Début des années 80, New York s’enflamme. Les graffitis redessinent l’espace public, le skate et le hip-hop s’imposent comme des évidences pour toute une jeunesse qui invente sa propre culture. Le streetwear apparaît au carrefour de ces courants. Il ne s’agit pas juste d’habits, mais d’une manière d’être, d’une prise de position. Rejeter les carcans de la mode conventionnelle, chercher la sincérité dans chaque détail.

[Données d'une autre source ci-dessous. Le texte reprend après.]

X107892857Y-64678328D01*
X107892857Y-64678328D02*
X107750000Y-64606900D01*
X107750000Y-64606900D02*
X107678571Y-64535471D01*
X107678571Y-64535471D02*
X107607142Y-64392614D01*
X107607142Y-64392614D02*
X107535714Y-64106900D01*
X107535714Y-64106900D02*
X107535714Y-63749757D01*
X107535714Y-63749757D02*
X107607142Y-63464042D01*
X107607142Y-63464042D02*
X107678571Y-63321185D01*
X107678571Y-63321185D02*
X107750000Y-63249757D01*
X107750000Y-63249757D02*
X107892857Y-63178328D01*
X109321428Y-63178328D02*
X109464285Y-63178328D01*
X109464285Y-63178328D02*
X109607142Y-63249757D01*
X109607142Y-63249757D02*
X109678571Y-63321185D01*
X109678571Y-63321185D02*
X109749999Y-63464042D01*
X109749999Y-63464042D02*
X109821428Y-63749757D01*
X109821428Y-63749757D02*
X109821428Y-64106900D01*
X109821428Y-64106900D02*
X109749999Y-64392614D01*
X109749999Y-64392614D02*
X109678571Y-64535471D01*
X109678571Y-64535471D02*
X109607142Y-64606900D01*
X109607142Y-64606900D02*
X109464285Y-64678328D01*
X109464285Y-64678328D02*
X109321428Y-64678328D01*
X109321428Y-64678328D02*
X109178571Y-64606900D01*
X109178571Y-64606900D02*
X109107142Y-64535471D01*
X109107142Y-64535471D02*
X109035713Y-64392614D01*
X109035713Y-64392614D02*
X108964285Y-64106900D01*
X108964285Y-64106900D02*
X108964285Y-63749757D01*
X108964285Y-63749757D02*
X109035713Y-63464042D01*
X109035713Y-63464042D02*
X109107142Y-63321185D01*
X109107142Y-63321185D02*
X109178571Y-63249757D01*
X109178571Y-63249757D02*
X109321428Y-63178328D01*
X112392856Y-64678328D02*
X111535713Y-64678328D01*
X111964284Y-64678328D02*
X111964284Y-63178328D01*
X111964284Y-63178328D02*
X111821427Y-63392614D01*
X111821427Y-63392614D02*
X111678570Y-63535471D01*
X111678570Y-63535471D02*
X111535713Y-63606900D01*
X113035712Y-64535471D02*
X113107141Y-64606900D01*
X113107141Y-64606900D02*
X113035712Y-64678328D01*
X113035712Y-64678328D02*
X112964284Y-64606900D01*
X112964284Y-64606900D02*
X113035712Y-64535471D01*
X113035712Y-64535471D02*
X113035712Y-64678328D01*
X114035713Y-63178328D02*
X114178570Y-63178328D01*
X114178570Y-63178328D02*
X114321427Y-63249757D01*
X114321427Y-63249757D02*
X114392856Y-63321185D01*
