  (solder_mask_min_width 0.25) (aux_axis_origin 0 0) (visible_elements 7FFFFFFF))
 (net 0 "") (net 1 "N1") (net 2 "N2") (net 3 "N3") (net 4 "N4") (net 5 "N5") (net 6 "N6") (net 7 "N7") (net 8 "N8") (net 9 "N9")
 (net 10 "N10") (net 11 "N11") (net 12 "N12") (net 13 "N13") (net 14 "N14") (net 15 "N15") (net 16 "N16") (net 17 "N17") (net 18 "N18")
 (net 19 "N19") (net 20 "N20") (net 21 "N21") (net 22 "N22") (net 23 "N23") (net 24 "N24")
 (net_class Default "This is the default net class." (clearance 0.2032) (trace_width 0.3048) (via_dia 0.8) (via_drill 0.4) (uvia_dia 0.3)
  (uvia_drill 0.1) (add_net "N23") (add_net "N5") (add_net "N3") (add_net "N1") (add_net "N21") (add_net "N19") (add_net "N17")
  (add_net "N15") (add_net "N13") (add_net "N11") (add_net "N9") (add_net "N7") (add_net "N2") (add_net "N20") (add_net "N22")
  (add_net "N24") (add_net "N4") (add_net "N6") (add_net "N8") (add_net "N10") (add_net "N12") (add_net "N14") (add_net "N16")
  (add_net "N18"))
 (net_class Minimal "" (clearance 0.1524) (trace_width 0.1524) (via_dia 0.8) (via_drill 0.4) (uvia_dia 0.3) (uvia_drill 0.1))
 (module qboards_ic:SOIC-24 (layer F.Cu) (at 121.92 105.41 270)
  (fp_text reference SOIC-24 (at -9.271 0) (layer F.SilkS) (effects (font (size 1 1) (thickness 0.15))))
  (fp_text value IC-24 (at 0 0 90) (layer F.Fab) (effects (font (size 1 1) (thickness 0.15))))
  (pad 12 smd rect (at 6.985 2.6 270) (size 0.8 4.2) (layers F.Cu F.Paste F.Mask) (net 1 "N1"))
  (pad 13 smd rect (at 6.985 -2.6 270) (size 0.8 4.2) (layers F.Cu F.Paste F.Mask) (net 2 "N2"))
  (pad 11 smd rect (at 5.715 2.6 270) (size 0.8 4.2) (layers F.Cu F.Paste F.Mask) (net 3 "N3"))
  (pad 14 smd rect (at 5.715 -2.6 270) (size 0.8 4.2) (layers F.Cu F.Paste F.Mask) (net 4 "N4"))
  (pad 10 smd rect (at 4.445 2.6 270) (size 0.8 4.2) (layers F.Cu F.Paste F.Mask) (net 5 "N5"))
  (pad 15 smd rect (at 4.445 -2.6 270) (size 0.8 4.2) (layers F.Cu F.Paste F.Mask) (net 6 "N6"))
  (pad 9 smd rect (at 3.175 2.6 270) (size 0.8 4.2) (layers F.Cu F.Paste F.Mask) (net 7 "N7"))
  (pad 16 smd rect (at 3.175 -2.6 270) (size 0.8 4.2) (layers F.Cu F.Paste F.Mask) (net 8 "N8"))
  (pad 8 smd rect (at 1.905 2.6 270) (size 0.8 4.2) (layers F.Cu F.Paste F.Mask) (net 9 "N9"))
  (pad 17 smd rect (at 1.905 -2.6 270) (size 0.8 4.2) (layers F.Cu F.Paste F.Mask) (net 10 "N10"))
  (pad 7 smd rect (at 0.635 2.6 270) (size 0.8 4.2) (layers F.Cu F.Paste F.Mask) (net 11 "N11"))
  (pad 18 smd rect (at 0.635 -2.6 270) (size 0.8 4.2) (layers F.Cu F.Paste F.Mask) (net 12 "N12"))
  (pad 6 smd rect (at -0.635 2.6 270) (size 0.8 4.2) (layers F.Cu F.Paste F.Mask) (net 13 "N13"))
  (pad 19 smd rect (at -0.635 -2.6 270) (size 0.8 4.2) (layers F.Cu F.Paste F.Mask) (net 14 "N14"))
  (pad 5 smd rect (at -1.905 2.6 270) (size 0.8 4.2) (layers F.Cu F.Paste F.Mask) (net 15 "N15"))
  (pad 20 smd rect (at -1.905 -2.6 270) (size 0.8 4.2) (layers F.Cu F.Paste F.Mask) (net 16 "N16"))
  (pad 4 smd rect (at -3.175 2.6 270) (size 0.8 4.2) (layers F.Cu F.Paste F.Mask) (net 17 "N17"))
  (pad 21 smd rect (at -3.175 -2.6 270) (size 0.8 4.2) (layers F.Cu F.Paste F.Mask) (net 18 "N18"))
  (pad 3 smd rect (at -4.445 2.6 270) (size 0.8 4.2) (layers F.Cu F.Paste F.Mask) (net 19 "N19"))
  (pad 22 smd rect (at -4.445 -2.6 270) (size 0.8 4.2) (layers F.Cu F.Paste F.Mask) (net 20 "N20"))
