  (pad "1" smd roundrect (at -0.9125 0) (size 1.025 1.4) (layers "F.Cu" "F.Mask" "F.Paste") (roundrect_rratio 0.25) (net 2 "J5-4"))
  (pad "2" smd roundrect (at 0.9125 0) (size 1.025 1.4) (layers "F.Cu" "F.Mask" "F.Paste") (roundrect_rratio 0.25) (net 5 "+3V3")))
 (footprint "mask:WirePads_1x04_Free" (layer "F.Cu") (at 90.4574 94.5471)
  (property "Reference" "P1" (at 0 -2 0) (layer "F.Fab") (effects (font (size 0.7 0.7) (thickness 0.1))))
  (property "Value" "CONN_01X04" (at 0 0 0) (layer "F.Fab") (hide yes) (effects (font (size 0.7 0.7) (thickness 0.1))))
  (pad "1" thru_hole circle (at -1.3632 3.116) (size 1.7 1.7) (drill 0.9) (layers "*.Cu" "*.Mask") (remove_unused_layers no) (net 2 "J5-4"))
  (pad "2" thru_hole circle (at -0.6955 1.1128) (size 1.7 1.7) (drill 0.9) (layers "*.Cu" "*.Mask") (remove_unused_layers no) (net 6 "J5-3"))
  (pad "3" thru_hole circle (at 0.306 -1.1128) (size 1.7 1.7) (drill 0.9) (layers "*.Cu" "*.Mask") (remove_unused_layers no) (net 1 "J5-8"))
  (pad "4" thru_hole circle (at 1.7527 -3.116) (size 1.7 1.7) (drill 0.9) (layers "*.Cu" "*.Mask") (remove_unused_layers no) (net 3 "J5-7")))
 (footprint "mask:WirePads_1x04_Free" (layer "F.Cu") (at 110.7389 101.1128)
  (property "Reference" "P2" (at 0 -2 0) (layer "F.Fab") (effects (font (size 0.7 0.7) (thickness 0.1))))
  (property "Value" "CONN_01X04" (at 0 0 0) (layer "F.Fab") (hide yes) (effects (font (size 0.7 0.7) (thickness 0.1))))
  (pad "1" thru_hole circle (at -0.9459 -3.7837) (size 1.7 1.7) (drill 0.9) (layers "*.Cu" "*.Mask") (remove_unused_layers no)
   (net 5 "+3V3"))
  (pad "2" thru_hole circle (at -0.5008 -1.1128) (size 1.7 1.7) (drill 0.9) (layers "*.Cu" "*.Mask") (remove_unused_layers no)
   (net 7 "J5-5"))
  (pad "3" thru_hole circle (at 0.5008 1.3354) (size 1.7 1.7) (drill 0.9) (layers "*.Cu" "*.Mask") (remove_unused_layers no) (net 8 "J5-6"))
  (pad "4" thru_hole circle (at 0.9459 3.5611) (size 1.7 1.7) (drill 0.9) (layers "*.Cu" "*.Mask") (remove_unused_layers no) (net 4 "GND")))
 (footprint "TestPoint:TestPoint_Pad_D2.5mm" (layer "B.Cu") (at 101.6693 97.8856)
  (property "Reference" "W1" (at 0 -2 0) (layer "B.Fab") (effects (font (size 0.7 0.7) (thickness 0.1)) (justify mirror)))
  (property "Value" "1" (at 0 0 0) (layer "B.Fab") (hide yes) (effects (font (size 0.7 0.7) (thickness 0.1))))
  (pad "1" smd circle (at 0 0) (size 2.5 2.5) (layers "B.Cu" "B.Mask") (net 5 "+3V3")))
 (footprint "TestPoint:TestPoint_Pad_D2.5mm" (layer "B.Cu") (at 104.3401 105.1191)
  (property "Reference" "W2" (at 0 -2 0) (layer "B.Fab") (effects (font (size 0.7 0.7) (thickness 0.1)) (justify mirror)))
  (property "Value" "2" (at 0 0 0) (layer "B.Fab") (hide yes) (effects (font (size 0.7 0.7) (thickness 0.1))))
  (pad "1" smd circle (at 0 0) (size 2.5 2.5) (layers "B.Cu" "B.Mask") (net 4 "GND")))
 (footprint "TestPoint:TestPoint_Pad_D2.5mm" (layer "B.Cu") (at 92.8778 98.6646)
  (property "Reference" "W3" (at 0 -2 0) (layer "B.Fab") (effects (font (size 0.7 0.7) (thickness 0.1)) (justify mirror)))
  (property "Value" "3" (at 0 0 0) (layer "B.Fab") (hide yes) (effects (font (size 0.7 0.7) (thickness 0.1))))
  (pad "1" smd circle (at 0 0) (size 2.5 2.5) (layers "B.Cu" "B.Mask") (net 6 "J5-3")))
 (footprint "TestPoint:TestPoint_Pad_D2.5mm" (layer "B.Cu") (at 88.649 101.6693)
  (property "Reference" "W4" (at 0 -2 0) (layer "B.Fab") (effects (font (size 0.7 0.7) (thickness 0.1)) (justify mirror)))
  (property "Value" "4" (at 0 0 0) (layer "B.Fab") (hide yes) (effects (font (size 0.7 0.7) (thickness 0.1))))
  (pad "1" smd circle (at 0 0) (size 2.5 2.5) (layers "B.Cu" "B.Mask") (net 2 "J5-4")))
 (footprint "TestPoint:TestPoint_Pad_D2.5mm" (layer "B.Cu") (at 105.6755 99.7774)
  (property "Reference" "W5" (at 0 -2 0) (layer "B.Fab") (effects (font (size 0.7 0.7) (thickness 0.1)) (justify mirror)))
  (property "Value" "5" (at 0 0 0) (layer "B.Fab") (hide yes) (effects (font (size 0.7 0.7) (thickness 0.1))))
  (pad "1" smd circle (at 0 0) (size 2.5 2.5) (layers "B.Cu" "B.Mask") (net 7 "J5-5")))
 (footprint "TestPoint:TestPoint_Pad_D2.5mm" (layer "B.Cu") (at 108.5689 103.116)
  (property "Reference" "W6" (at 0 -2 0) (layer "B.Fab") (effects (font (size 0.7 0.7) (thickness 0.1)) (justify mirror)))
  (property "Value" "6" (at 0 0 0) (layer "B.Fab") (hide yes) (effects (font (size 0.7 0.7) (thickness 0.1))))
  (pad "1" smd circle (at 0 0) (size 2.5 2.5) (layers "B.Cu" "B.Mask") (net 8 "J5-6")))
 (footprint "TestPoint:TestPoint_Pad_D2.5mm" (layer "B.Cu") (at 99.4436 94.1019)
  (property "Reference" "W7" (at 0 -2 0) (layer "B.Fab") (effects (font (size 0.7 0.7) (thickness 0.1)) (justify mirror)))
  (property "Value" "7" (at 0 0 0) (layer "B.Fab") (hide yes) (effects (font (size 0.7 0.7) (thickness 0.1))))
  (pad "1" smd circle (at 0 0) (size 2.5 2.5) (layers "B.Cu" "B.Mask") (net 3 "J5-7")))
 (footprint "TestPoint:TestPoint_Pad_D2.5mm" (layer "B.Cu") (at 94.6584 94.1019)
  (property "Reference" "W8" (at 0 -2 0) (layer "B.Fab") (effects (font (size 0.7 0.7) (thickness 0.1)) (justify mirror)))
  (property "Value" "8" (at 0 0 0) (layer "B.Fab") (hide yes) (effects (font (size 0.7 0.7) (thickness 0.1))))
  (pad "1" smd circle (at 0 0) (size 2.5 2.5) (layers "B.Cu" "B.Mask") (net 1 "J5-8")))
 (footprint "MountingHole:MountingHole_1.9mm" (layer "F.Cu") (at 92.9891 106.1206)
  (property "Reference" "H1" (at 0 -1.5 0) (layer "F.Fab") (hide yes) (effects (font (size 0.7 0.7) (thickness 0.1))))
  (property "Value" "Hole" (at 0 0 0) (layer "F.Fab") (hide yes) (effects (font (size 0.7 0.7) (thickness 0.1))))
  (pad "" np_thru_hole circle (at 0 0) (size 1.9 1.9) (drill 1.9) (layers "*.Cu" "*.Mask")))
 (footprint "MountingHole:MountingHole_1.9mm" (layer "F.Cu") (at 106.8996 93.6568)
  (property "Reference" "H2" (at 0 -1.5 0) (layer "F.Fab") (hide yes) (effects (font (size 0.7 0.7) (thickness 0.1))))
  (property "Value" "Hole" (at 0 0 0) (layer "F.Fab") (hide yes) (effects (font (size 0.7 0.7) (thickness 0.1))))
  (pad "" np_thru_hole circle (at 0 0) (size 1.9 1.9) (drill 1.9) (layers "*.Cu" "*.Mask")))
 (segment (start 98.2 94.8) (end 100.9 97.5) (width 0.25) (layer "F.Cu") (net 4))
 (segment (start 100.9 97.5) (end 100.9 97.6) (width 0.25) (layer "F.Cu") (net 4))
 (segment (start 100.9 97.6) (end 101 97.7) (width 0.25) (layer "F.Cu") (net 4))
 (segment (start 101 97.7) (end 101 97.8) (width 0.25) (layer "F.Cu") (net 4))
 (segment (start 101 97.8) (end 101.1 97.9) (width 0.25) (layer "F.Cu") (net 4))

À l’Ouest, sur les plages de Californie, l’esprit du surf insuffle une énergie différente mais tout aussi rebelle. Les sweats amples, les t-shirts ornés de dessins, les baskets déjà marquées par la route ou le sable racontent une histoire d’émancipation. Pendant ce temps, Tokyo expérimente à sa façon : Harajuku devient le centre d’une effervescence urbaine, où l’influence américaine rencontre l’identité japonaise.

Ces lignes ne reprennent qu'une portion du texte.